Dataset records:
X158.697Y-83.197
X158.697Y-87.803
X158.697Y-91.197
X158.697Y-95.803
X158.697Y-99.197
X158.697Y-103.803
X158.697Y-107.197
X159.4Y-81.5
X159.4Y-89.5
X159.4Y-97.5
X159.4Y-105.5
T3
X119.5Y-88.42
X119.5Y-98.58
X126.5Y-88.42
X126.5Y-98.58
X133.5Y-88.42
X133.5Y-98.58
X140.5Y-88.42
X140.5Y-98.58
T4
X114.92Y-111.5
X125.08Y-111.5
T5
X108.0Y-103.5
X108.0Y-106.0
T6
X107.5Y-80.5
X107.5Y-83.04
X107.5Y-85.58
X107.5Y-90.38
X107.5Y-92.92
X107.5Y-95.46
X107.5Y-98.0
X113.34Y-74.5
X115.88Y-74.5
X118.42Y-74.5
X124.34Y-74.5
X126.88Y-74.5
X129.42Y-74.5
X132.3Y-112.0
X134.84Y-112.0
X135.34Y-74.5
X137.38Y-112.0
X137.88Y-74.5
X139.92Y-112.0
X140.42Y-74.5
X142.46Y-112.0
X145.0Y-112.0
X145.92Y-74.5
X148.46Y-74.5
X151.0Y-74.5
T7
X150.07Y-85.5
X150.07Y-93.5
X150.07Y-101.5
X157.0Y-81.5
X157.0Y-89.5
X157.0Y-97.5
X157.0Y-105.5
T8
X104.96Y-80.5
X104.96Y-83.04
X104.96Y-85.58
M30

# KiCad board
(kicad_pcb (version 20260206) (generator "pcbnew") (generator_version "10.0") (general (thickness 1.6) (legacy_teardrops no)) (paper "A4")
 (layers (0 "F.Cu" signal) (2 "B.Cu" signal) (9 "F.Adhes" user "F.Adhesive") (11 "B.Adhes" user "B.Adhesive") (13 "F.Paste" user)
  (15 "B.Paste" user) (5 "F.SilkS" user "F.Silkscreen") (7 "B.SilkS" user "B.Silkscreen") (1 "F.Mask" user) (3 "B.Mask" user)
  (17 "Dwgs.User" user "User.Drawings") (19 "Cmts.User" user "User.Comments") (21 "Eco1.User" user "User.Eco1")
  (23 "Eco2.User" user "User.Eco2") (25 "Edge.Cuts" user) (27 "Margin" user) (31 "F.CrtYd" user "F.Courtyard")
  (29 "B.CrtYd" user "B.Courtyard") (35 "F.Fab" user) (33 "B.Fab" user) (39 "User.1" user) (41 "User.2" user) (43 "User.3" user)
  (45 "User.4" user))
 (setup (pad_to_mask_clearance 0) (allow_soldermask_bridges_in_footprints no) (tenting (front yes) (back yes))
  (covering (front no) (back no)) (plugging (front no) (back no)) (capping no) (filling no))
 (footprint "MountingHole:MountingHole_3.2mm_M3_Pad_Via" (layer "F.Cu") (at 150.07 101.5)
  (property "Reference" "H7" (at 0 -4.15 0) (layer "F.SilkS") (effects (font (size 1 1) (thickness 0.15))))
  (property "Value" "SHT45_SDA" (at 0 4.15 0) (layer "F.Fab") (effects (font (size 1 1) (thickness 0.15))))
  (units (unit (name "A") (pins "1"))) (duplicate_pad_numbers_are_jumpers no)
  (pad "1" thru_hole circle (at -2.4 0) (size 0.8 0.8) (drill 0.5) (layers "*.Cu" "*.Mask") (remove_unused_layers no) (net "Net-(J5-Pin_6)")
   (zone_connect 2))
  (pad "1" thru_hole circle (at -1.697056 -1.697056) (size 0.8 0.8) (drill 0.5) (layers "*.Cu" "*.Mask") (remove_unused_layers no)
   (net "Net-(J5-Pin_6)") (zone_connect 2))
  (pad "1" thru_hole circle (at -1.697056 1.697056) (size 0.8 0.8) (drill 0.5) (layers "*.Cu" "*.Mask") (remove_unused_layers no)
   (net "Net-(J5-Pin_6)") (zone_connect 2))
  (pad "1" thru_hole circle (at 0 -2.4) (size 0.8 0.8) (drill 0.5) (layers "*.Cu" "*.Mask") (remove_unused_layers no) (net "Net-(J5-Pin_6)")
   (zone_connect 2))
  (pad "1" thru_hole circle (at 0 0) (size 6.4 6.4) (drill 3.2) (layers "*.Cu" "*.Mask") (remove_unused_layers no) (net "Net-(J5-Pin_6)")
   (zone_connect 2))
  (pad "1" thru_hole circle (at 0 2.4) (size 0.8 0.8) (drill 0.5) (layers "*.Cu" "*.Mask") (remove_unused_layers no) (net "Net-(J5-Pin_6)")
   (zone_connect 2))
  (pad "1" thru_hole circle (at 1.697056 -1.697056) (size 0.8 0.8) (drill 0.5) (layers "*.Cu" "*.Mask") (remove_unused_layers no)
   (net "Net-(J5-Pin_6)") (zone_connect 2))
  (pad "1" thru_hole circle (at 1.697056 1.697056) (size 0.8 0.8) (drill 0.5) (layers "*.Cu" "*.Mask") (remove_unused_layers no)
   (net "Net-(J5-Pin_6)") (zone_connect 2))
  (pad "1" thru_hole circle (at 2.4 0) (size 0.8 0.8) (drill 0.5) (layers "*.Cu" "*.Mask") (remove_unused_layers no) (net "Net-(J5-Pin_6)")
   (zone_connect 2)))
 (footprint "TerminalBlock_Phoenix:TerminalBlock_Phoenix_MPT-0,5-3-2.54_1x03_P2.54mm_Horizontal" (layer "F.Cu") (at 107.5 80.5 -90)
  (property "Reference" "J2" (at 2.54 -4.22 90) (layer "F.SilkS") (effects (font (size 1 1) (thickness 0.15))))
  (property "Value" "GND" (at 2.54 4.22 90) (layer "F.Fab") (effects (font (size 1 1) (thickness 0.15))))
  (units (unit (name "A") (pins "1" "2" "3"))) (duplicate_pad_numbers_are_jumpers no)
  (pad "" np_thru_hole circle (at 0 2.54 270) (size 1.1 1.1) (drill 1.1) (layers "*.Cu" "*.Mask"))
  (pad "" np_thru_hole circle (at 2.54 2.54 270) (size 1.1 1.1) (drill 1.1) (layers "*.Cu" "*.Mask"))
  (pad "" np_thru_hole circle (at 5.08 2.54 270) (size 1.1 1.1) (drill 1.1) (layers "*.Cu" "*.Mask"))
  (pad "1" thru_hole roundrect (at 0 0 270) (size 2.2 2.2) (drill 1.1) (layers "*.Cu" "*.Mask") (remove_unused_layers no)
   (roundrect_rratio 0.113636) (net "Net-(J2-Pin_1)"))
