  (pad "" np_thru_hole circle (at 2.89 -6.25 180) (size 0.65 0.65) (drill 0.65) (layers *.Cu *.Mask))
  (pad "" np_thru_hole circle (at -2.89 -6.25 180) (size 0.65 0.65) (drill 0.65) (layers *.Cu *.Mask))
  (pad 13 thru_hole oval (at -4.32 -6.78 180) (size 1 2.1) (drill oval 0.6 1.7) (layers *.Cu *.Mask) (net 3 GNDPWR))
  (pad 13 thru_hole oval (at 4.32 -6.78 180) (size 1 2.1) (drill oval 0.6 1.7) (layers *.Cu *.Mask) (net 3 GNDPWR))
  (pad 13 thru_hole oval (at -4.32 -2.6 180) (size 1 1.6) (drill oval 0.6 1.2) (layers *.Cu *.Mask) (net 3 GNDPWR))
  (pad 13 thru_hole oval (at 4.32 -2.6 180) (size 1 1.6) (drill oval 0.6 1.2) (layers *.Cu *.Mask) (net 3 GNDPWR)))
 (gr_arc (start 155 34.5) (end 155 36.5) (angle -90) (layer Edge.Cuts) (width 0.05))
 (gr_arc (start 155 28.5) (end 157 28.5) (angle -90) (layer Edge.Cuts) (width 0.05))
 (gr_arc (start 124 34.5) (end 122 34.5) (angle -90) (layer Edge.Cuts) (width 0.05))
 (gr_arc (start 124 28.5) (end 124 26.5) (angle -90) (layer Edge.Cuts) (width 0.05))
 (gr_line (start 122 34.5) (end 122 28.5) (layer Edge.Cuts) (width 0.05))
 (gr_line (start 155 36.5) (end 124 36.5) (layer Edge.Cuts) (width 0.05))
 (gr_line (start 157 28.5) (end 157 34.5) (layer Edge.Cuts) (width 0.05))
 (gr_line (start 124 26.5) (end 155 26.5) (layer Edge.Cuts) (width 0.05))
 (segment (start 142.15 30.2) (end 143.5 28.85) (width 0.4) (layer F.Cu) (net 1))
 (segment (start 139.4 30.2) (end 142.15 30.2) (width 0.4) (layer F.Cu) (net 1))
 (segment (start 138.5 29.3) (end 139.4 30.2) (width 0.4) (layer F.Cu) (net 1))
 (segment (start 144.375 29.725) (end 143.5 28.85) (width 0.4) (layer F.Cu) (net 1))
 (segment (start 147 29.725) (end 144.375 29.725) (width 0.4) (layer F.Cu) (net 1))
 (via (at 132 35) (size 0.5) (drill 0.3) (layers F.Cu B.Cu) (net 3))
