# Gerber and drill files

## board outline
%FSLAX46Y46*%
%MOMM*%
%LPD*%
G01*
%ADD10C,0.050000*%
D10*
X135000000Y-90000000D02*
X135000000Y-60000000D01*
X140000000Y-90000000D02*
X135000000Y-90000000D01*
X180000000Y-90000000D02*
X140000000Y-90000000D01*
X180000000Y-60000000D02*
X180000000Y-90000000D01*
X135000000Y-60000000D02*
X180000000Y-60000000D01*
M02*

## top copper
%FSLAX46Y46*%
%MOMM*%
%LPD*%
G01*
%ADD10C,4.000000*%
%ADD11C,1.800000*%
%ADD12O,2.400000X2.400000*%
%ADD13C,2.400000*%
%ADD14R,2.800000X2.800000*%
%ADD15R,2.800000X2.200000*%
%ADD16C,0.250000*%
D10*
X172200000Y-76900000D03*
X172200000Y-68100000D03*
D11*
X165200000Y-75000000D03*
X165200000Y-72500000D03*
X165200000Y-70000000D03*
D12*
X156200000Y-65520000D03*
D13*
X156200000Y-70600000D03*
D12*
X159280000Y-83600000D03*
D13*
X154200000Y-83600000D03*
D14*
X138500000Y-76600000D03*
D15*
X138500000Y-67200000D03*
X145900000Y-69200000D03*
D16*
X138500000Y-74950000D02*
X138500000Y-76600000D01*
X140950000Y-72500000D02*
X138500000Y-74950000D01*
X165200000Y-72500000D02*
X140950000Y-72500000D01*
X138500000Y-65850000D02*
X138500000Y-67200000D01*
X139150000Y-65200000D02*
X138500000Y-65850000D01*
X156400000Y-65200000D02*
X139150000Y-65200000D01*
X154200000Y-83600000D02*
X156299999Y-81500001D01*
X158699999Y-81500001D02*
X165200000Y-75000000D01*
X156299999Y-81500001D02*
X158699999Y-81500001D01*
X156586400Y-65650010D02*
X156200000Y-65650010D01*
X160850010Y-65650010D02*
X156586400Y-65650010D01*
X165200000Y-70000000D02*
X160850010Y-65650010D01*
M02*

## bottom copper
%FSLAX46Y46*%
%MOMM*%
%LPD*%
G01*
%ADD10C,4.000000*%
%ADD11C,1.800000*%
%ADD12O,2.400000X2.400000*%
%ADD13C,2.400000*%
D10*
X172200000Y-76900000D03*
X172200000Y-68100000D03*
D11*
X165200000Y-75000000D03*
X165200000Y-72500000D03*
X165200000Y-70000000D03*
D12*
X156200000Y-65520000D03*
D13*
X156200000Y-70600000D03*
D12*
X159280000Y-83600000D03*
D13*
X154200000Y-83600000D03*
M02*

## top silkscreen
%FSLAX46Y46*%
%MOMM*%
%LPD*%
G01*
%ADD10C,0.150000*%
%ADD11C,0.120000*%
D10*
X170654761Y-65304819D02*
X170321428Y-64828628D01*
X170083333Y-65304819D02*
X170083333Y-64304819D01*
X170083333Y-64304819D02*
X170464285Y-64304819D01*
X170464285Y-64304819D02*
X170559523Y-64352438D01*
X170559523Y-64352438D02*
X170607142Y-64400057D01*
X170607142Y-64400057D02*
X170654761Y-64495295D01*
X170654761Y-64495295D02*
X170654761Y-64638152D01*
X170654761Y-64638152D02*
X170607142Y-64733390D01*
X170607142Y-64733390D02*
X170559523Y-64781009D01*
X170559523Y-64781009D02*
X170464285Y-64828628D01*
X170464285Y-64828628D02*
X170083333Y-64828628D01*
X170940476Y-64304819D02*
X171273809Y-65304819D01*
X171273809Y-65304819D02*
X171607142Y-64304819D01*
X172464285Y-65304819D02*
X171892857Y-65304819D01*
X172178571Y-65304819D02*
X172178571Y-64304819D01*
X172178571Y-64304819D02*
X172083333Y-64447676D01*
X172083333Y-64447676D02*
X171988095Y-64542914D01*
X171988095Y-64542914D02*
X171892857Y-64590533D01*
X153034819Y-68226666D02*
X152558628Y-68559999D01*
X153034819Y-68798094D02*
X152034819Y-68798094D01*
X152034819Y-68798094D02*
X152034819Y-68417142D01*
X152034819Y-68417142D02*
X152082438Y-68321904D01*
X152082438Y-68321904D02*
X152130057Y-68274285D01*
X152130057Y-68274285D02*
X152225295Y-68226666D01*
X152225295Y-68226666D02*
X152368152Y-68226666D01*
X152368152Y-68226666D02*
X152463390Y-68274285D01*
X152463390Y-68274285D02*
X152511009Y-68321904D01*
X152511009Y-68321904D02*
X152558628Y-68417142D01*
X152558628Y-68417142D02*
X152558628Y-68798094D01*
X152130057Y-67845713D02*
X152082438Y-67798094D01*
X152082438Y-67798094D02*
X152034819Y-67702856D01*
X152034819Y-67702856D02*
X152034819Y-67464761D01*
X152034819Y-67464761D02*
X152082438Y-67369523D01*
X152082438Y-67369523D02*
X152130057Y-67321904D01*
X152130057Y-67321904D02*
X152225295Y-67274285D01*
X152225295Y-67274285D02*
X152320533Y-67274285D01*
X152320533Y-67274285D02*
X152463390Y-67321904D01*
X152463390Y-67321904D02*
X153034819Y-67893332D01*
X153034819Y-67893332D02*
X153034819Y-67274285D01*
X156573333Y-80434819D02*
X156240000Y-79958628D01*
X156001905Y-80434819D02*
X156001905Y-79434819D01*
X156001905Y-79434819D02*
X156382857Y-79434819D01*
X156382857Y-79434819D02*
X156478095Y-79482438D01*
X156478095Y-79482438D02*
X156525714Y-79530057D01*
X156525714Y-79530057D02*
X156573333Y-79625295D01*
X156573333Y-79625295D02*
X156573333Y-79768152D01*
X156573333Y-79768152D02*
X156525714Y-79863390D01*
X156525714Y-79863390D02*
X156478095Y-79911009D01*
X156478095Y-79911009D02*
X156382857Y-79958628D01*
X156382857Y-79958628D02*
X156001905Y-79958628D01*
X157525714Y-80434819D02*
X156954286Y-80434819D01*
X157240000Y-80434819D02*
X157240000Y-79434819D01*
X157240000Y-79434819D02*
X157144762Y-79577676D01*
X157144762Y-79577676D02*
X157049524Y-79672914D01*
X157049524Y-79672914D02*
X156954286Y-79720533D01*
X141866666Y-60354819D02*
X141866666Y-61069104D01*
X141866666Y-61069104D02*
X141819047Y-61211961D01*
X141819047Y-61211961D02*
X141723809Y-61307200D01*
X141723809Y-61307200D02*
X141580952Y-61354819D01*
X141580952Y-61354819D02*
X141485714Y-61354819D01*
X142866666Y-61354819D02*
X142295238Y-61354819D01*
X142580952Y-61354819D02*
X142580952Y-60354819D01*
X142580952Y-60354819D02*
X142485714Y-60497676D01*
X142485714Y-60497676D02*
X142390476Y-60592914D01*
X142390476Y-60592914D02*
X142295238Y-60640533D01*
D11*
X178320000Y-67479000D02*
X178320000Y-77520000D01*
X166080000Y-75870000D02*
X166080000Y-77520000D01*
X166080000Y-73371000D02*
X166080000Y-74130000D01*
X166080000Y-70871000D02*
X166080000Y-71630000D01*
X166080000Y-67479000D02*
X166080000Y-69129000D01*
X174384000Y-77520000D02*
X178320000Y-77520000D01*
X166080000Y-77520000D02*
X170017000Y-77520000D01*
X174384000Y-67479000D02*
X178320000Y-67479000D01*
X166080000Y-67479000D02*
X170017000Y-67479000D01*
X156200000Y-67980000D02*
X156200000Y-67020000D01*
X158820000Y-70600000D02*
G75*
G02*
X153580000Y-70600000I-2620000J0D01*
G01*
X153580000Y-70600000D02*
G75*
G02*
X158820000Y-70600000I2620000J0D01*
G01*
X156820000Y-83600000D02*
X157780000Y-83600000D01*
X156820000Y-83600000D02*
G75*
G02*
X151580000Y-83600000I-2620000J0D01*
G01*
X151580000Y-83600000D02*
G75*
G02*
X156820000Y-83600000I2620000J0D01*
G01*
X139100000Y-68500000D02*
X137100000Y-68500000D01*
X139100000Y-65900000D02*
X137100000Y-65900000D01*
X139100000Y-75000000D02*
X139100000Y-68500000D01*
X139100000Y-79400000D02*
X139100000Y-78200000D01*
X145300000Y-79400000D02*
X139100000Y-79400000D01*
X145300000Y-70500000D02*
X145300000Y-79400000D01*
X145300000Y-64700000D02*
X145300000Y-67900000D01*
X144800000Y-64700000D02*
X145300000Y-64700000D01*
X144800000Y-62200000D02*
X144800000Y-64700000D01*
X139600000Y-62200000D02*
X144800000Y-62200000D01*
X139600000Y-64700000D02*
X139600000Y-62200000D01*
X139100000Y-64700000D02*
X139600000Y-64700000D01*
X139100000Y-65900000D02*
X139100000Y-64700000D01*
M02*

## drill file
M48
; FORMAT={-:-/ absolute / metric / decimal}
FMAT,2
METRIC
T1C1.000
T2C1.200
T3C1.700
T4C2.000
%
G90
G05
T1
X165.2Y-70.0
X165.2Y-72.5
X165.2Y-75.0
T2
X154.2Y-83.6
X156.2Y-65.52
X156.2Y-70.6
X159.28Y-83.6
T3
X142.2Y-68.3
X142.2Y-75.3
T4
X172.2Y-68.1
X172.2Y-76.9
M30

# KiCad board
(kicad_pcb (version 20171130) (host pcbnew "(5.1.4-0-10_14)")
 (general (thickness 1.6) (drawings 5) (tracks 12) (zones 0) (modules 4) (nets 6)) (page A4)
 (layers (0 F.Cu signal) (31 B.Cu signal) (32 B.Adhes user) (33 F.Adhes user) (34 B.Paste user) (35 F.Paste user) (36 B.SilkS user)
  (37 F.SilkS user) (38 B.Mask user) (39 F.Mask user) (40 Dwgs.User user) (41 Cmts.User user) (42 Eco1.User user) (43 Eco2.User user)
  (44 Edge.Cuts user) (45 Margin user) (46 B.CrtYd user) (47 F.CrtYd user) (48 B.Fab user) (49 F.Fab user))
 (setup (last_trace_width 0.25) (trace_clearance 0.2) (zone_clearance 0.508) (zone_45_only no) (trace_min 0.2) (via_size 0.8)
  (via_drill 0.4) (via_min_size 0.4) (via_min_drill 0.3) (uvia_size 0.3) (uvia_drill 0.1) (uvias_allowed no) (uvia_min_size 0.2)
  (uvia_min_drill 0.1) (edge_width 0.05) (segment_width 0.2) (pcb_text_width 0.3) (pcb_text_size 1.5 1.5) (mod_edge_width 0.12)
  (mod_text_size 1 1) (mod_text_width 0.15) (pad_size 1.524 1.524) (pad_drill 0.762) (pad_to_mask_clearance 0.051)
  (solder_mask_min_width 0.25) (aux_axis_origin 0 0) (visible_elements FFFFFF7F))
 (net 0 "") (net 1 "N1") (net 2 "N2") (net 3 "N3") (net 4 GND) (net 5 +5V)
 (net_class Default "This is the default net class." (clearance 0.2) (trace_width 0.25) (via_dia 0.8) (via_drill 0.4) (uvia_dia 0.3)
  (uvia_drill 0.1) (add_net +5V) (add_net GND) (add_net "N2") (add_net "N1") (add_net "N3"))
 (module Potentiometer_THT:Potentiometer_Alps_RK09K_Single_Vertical (layer F.Cu) (at 165.2 75)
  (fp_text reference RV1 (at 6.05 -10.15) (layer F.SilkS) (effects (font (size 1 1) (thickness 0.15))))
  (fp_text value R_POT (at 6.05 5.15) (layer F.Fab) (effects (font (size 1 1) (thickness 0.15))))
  (fp_line (start 13.12 -7.521) (end 13.12 2.52) (layer F.SilkS) (width 0.12))
  (fp_line (start 0.88 0.87) (end 0.88 2.52) (layer F.SilkS) (width 0.12))
  (fp_line (start 0.88 -1.629) (end 0.88 -0.87) (layer F.SilkS) (width 0.12))
  (fp_line (start 0.88 -4.129) (end 0.88 -3.37) (layer F.SilkS) (width 0.12))
  (fp_line (start 0.88 -7.521) (end 0.88 -5.871) (layer F.SilkS) (width 0.12))
  (fp_line (start 9.184 2.52) (end 13.12 2.52) (layer F.SilkS) (width 0.12))
  (fp_line (start 0.88 2.52) (end 4.817 2.52) (layer F.SilkS) (width 0.12))
  (fp_line (start 9.184 -7.521) (end 13.12 -7.521) (layer F.SilkS) (width 0.12))
  (fp_line (start 0.88 -7.521) (end 4.817 -7.521) (layer F.SilkS) (width 0.12))
  (pad "" np_thru_hole circle (at 7 1.9) (size 4 4) (drill 2) (layers *.Cu *.Mask))
  (pad "" np_thru_hole circle (at 7 -6.9) (size 4 4) (drill 2) (layers *.Cu *.Mask))
  (pad 1 thru_hole circle (at 0 0) (size 1.8 1.8) (drill 1) (layers *.Cu *.Mask) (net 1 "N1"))
  (pad 2 thru_hole circle (at 0 -2.5) (size 1.8 1.8) (drill 1) (layers *.Cu *.Mask) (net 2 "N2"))
  (pad 3 thru_hole circle (at 0 -5) (size 1.8 1.8) (drill 1) (layers *.Cu *.Mask) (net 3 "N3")))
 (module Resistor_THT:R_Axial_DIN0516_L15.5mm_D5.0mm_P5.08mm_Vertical (layer F.Cu) (at 156.2 70.6 90)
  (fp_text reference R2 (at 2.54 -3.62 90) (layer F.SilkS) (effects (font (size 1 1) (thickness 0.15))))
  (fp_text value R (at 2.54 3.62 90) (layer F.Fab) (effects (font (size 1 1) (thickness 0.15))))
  (fp_line (start 2.62 0) (end 3.58 0) (layer F.SilkS) (width 0.12))
  (fp_circle (center 0 0) (end 2.62 0) (layer F.SilkS) (width 0.12))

Task prompt:
Show all lines from the listing above in which "name" appears.

Reply to the task:
  (units (unit (name "A") (pins "1"))) (duplicate_pad_numbers_are_jumpers no)
  (units (unit (name "A") (pins "1" "2" "3"))) (duplicate_pad_numbers_are_jumpers no)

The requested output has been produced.